In vivo experiments also indicated that METTL3 and FASN double knockout facilitated CD8+IFN-γ+ T cell differentiation and inhibited the increased tumor growth triggered by METTL3 depletion. Consistently, pharmacological inhibition of FASN with C75 largely abolished the aggravative effect of METTL3 depletion on tumor progression.

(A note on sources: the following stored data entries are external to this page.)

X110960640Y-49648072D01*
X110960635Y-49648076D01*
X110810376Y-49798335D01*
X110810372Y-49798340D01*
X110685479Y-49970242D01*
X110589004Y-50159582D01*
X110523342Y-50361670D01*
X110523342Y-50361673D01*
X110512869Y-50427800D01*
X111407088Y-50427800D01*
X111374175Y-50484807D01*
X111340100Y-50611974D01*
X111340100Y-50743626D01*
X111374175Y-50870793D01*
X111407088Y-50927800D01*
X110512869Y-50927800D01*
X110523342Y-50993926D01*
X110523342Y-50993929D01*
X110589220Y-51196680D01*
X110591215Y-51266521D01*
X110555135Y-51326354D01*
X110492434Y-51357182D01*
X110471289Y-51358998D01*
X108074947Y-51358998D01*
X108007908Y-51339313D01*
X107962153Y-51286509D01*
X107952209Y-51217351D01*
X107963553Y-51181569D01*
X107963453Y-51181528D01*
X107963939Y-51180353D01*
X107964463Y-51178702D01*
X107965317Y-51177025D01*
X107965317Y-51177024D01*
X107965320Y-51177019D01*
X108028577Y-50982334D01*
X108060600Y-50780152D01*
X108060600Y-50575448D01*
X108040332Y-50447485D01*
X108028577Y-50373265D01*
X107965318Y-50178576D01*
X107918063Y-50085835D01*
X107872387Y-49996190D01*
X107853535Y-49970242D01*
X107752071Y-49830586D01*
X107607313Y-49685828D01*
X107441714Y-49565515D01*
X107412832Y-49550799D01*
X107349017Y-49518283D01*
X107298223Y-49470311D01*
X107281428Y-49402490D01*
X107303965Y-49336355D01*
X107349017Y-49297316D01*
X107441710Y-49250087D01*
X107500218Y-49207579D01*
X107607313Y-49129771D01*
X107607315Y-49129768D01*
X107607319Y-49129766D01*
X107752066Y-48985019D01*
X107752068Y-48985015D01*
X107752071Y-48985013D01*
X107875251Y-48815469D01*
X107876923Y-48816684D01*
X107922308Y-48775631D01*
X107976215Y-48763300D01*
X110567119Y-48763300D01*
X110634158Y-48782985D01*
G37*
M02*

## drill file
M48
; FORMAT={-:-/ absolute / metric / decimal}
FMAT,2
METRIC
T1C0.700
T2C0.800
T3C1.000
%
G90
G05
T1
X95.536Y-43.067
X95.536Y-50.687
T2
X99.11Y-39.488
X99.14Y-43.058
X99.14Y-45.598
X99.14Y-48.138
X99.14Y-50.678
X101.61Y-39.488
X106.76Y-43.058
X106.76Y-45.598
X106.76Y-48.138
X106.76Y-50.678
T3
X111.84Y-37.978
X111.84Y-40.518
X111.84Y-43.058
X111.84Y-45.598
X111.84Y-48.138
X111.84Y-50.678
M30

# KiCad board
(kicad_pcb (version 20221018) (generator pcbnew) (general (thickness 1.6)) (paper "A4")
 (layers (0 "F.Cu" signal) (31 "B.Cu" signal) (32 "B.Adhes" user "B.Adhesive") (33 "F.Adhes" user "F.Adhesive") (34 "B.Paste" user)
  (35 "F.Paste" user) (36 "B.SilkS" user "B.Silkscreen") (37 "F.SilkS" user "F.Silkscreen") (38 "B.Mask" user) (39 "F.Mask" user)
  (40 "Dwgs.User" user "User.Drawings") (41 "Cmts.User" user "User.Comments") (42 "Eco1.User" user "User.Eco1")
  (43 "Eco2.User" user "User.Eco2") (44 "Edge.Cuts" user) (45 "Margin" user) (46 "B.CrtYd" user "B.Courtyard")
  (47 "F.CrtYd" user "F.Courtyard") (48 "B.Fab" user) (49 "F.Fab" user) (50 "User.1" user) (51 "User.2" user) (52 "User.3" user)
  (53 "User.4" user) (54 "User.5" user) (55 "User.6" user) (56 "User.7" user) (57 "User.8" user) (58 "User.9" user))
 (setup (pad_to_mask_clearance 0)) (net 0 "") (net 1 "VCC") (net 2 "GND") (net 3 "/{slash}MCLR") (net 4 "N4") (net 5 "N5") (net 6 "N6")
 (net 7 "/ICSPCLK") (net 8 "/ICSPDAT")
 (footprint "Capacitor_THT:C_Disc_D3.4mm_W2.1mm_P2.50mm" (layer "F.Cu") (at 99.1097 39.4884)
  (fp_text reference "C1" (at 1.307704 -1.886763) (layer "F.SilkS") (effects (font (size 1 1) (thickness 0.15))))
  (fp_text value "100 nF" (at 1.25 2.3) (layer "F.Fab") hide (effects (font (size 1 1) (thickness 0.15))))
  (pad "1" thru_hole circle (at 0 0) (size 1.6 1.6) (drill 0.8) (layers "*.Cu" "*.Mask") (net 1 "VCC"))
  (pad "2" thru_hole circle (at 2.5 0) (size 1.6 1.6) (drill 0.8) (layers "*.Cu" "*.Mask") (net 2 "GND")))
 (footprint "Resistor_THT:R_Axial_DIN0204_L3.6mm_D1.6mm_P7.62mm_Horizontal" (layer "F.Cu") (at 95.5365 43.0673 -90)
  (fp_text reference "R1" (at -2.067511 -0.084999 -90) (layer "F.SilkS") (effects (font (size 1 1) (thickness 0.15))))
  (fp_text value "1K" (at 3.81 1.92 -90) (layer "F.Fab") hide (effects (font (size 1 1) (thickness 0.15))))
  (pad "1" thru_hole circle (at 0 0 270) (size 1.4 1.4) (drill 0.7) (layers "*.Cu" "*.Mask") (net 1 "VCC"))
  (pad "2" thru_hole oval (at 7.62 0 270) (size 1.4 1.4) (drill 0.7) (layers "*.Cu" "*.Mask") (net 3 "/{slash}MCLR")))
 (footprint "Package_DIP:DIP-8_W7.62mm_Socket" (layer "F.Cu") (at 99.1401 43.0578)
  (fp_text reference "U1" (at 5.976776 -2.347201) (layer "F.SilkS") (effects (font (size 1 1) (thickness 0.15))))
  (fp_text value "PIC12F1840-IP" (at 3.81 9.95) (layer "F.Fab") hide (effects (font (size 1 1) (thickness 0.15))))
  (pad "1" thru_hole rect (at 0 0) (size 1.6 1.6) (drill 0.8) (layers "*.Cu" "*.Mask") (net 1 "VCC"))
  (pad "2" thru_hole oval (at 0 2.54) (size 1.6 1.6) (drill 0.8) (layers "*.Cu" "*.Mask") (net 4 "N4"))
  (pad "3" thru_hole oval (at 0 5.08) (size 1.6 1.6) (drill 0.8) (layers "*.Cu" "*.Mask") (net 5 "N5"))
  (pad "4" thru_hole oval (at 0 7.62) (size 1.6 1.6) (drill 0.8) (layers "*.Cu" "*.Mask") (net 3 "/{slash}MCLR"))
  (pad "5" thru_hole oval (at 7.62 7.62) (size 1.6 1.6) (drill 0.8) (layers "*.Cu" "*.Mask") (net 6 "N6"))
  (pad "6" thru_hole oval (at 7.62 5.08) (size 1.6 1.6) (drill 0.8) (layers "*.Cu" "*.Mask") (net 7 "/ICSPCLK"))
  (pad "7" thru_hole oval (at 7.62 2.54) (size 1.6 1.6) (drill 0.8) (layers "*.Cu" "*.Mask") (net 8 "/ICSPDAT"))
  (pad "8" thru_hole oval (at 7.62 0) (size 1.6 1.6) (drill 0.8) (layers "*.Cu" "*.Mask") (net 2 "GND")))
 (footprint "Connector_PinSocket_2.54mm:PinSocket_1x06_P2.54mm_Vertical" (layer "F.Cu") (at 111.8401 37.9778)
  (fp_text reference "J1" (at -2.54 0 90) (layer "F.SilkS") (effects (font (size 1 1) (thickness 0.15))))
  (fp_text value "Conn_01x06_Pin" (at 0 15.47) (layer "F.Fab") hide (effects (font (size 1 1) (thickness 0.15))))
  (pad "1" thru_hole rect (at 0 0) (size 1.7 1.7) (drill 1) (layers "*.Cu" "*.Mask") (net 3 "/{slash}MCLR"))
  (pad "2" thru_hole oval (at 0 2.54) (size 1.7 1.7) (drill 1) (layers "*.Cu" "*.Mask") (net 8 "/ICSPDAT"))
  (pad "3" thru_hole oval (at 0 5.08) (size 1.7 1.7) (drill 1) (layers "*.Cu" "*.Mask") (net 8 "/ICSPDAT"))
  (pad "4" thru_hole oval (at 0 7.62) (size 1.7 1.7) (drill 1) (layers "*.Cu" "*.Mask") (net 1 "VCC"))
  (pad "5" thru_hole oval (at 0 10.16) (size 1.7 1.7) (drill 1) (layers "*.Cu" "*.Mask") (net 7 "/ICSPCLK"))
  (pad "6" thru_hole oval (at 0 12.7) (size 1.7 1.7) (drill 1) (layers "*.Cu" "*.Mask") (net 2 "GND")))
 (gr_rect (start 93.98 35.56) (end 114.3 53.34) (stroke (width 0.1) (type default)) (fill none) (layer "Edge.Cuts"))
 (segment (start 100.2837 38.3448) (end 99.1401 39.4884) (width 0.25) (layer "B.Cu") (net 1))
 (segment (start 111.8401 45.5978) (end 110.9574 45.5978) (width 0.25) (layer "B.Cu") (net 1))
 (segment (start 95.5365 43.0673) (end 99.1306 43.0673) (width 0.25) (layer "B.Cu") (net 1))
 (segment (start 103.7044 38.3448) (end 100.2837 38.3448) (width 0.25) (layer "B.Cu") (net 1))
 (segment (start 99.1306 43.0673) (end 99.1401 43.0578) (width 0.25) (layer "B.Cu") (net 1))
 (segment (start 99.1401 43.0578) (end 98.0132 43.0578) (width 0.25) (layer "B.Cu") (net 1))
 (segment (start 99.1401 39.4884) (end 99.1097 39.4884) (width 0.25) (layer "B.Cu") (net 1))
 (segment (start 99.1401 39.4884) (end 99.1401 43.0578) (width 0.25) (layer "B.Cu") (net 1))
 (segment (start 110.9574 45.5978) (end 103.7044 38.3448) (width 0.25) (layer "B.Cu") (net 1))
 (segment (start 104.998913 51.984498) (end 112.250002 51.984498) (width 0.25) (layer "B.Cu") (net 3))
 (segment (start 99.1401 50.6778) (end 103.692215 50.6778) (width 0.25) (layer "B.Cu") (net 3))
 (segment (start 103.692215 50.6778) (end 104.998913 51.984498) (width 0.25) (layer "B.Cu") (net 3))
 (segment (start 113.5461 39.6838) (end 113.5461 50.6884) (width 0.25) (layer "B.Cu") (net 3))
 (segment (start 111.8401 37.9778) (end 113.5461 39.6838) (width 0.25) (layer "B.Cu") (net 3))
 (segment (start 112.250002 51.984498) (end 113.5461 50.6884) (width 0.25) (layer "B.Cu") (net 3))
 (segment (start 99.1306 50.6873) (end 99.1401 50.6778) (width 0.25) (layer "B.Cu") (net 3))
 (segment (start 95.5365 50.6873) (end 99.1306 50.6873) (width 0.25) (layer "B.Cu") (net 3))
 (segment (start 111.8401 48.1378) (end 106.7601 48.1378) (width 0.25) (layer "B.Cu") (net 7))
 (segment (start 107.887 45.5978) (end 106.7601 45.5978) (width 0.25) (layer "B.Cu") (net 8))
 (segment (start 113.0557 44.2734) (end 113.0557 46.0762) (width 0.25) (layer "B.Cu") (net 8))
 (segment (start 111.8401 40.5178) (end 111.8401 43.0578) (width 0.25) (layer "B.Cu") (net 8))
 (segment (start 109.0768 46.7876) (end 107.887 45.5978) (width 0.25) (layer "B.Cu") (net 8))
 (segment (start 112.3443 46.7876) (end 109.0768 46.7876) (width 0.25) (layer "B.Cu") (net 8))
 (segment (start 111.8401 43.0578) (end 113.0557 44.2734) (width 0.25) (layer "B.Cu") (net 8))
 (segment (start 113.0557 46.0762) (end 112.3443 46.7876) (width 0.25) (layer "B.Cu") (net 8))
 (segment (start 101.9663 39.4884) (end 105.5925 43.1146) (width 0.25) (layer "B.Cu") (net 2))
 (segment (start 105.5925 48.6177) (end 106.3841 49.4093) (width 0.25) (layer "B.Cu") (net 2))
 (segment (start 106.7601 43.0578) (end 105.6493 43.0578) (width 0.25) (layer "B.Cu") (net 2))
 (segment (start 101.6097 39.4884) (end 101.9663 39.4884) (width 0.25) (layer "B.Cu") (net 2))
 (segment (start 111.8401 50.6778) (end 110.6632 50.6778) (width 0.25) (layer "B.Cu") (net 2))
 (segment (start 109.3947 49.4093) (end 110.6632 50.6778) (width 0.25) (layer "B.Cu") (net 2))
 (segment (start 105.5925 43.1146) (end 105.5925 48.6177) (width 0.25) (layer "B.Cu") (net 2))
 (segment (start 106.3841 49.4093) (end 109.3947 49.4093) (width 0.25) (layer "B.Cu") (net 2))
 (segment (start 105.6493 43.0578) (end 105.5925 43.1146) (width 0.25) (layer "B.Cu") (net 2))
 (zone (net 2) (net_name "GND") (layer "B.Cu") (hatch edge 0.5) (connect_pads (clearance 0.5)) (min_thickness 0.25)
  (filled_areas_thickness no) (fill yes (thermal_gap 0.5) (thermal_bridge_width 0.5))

In conclusion, our findings reveal a regulatory mechanism by which METTL3 modulated FASN stability at posttranslational level via ISG15 and lipid metabolism. Specifically, ISG15 inhibited proteasomal degradation of FASN through enhancing FASN ISGylation and blocking FASN polyubiquitination. These findings propose a regulatory network for FASN expression and lipid metabolism in macrophage, supporting the METTL3-ISG15-FASN axis as a promising therapeutic target for managing GBM progression. In murine and human gliomas, the pool of TAMs is composed of brain-resident microglia, which develop from fetal yolk sac progenitors, and peripherally recruited monocyte derived macrophages46. In our study, conditional deletion of Mettl3 in the myeloid lineage reprogrammed recruited monocyte-derived macrophages from a pro-inflammatory M1 to an anti-inflammatory M2 phenotype, thereby fostering an immunosuppressive TME and potentially modulating the activation state of brain-resident microglia during glioma progression.
Method
Clinical specimens
Frozen and paraffin-embedded primary brain tumor tissues were obtained from Chinese patients at Xijing Hospital (Xi’an, China), a subsidiary hospital of the Fourth Military Medical University. The use of clinical specimens in this study was approved by the Animal Experiment Administration Commission in Fourth Military Medical University (KY20253615-1). All adult participants provided written informed consent. No participant compensation was provided. Sex and gender were not considered in the study, as the primary focus of this study was unrelated to sex or gender.
Mice
Lyz2Cre mice (catalog 004781, The Jackson Laboratory) were crossed with floxed Mettl3 mice (Beijing Biocytogen Co., Ltd) to generate Mettl3fl/flLyz2-/- and Mettl3fl/flLyz2cre/- mice. Mettl3fl/flLyz2cre/- mice were crossed with Fasnfl/fl mice (Gempharmatech Co., Ltd) to generate Mettl3fl/flFasnfl/flLyz2cre/- mice. All experimental mice were bred and maintained under specific pathogen-free conditions, fed standard laboratory chow, and kept on 12 h light to 12 h dark cycles. The temperature and humidity were set at 22 ± 1 °C and 55% ± 5%, respectively. Six- to twelve-week-old mice of both sexes were used for the experiments. Cohoused Cre-negative littermate mice were used as controls. All experimental procedures were approved by the Institutional Animal Care and Use Committee of Xinxiang Medical University (XYLL-20230041).
Cell lines
Mouse glioma cell line GL261 and human embryonic kidney cell line HEK293T were cultured in Dulbecco’s Modified Eagle’s Medium supplemented with 10% FBS, 1% penicillin/streptomycin, and 1% L-glutamine, and maintained at 37 °C and 5% CO2.
Plasmid construction
The FASN and ISG15 promoter was amplified and cloned into the PGL-3.0 vector. FLAG-FASN was constructed by cloning human full-length FASN cDNA into the p3×FLAG-CMV-10 vector. FLAG-FASN mutants were generated by homologous recombination method based on FLAG-FASN plasmid. Myc-ISG15 was generated by cloning full-length ISG15 cDNA into the pCMV-Myc vector. Myc-ISG15 ΔGG was generated by depleting the two C-terminal glycine residues.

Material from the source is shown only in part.